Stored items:
[Start of Attachment]

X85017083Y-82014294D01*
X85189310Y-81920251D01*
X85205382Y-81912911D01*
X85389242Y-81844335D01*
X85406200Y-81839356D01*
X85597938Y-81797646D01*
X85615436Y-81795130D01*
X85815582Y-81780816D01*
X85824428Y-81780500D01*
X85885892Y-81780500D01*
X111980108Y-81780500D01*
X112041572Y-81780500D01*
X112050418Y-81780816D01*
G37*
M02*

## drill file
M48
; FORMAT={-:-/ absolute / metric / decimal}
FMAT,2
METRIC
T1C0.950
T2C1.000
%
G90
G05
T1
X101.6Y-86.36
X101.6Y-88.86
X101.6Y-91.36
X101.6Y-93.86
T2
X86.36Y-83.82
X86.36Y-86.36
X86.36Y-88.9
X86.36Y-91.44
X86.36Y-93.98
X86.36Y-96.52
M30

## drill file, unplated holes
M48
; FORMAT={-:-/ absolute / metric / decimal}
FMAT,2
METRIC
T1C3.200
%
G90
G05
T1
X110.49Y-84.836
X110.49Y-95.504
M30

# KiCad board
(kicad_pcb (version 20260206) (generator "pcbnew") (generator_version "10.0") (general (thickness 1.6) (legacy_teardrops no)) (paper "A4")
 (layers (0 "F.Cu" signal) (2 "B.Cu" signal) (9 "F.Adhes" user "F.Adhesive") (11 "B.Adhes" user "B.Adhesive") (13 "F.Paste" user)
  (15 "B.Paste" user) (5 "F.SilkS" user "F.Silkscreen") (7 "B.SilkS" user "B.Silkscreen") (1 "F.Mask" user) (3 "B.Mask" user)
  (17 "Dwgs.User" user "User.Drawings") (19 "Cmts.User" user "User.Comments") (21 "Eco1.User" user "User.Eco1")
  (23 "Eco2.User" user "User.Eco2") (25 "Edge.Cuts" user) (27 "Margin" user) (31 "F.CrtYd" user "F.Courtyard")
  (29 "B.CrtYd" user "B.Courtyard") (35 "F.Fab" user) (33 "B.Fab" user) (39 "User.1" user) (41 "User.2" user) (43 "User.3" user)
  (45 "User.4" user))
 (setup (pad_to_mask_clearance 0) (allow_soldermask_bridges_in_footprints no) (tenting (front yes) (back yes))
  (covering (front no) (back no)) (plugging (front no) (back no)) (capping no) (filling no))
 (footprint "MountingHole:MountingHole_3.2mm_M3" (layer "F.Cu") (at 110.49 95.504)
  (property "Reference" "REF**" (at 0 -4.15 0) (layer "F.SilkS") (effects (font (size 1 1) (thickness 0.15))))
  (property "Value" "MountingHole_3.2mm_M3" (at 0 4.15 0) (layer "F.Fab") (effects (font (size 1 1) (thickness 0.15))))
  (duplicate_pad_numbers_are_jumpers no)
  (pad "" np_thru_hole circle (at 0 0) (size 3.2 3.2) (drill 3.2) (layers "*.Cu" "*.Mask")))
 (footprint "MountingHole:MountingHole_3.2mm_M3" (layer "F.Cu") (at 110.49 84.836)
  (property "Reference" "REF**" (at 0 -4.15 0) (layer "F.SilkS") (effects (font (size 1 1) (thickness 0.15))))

[End of Attachment]
[Start of Attachment]

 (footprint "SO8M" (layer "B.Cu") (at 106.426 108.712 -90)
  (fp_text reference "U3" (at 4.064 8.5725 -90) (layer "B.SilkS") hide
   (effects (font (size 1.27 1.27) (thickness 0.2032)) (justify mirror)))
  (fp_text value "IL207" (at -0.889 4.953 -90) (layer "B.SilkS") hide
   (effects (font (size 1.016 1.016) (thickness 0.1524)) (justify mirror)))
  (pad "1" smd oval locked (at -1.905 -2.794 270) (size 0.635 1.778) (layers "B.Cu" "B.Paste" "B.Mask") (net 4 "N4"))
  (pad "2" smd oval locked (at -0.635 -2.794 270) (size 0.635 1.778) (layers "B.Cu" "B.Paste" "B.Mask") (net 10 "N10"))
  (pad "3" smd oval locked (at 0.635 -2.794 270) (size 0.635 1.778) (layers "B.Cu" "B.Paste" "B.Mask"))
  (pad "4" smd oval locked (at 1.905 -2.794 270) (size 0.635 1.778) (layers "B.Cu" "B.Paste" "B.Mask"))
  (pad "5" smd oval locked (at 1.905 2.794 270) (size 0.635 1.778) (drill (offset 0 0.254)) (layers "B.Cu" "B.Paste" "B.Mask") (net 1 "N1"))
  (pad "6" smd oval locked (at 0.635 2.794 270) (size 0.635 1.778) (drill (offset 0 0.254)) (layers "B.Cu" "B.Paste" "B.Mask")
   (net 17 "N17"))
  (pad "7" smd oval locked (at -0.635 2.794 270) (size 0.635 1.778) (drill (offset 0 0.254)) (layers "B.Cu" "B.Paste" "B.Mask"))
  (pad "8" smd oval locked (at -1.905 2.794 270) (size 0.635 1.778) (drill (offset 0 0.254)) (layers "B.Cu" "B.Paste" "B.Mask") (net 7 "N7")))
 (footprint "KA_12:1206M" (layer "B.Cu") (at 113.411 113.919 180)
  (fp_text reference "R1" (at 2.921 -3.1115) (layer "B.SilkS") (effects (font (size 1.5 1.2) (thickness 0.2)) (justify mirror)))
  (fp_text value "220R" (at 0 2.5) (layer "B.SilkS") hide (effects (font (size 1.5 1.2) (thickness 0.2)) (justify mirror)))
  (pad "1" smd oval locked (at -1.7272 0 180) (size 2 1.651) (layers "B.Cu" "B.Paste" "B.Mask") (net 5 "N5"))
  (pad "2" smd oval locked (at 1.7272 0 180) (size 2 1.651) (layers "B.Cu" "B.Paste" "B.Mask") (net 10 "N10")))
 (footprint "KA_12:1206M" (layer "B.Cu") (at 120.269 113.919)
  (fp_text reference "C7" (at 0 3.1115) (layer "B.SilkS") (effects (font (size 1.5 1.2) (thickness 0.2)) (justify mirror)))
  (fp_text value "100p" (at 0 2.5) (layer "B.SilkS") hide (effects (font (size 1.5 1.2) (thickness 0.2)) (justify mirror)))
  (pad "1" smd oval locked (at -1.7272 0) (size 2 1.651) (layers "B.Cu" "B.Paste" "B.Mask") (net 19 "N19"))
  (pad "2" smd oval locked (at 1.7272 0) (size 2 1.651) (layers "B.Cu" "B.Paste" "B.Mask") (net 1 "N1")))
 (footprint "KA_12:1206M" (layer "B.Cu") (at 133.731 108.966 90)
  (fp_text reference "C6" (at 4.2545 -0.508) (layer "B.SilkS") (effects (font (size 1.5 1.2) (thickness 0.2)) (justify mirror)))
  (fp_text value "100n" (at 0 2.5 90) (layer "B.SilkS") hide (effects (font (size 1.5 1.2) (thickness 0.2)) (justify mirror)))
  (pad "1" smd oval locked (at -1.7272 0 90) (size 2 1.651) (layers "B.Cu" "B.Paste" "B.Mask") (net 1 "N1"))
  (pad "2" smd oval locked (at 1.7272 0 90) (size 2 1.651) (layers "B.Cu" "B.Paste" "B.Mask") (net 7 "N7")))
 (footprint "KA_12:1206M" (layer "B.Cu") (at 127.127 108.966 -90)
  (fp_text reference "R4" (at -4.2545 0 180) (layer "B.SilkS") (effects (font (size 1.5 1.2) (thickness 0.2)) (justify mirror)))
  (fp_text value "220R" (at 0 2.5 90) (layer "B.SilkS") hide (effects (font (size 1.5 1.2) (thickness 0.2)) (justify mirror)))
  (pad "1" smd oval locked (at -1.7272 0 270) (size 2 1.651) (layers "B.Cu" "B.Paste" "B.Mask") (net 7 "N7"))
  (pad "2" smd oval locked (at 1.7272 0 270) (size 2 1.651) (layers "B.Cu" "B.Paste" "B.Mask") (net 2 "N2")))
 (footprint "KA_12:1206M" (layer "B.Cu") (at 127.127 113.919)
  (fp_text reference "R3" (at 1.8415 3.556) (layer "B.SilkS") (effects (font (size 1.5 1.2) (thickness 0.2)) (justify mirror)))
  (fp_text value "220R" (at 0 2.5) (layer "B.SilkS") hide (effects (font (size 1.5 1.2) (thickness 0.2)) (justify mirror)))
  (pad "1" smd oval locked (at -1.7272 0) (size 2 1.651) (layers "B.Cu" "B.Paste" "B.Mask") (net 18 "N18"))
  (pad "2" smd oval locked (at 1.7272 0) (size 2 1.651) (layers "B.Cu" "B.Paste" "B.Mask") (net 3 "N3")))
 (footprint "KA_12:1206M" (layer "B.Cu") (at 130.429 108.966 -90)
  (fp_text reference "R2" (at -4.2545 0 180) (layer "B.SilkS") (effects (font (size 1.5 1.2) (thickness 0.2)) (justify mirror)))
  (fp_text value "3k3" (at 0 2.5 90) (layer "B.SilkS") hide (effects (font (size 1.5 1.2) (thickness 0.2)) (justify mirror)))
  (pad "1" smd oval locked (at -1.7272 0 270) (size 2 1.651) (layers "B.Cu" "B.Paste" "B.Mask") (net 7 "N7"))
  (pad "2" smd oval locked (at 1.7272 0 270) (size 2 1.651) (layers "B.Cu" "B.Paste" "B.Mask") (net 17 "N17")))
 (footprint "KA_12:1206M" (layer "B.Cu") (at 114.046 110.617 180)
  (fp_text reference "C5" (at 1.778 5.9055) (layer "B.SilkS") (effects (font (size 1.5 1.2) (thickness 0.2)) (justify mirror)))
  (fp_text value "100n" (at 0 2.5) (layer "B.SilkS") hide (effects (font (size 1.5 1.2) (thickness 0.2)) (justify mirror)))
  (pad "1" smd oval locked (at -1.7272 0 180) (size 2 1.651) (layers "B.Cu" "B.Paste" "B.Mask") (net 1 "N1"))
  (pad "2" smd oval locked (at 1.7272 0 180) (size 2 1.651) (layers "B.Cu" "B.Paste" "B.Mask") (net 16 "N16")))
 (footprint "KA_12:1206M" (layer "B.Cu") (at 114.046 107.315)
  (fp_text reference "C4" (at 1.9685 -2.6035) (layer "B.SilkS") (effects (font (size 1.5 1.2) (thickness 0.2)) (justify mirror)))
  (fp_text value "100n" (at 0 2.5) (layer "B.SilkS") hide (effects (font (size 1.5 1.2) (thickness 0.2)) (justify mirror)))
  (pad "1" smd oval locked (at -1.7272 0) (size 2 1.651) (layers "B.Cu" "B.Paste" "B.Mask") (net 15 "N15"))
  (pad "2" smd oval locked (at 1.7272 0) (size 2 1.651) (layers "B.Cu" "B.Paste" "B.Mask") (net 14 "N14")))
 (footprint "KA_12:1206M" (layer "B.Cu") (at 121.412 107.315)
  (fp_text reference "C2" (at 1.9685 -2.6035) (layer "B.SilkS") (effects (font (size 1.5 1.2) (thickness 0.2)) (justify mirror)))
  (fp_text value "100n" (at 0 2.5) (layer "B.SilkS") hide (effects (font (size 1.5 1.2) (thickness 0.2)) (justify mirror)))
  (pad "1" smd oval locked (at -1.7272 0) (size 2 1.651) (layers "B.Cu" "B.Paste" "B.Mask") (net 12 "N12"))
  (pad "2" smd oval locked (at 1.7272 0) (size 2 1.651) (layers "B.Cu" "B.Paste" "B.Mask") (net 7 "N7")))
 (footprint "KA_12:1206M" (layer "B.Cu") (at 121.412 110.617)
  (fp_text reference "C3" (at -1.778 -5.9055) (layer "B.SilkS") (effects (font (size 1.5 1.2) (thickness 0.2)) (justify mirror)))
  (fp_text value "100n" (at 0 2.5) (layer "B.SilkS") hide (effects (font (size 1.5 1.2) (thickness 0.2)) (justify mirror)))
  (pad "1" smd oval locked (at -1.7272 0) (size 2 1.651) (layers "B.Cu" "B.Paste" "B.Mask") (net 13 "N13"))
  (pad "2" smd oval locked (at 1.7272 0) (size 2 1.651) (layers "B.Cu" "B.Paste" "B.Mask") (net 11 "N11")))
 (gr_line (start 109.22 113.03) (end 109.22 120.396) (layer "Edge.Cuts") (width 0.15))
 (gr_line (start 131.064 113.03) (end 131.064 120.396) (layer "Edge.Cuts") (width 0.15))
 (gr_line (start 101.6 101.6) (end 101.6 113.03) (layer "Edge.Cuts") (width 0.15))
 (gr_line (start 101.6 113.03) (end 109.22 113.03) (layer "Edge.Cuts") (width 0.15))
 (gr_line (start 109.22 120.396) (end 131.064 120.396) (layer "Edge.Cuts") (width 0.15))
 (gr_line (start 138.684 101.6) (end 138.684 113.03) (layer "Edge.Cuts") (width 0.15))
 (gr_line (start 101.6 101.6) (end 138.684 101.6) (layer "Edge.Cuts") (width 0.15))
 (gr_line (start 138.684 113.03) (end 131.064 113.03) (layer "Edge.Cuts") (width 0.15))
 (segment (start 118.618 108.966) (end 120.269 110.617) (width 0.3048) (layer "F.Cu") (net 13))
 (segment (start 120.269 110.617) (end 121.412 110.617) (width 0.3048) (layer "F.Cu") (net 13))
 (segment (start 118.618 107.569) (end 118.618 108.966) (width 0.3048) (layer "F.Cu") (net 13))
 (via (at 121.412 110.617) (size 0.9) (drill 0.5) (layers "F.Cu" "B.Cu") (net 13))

[End of Attachment]

ACTIVITY: Your answer should consist of the lines from the line with "(at 0.635 2.794" to the line with "113.411 113.919 180)" above, repeated exactly, both ends included.

FINAL ANSWER:
  (pad "6" smd oval locked (at 0.635 2.794 270) (size 0.635 1.778) (drill (offset 0 0.254)) (layers "B.Cu" "B.Paste" "B.Mask")
   (net 17 "N17"))
  (pad "7" smd oval locked (at -0.635 2.794 270) (size 0.635 1.778) (drill (offset 0 0.254)) (layers "B.Cu" "B.Paste" "B.Mask"))
  (pad "8" smd oval locked (at -1.905 2.794 270) (size 0.635 1.778) (drill (offset 0 0.254)) (layers "B.Cu" "B.Paste" "B.Mask") (net 7 "N7")))
 (footprint "KA_12:1206M" (layer "B.Cu") (at 113.411 113.919 180)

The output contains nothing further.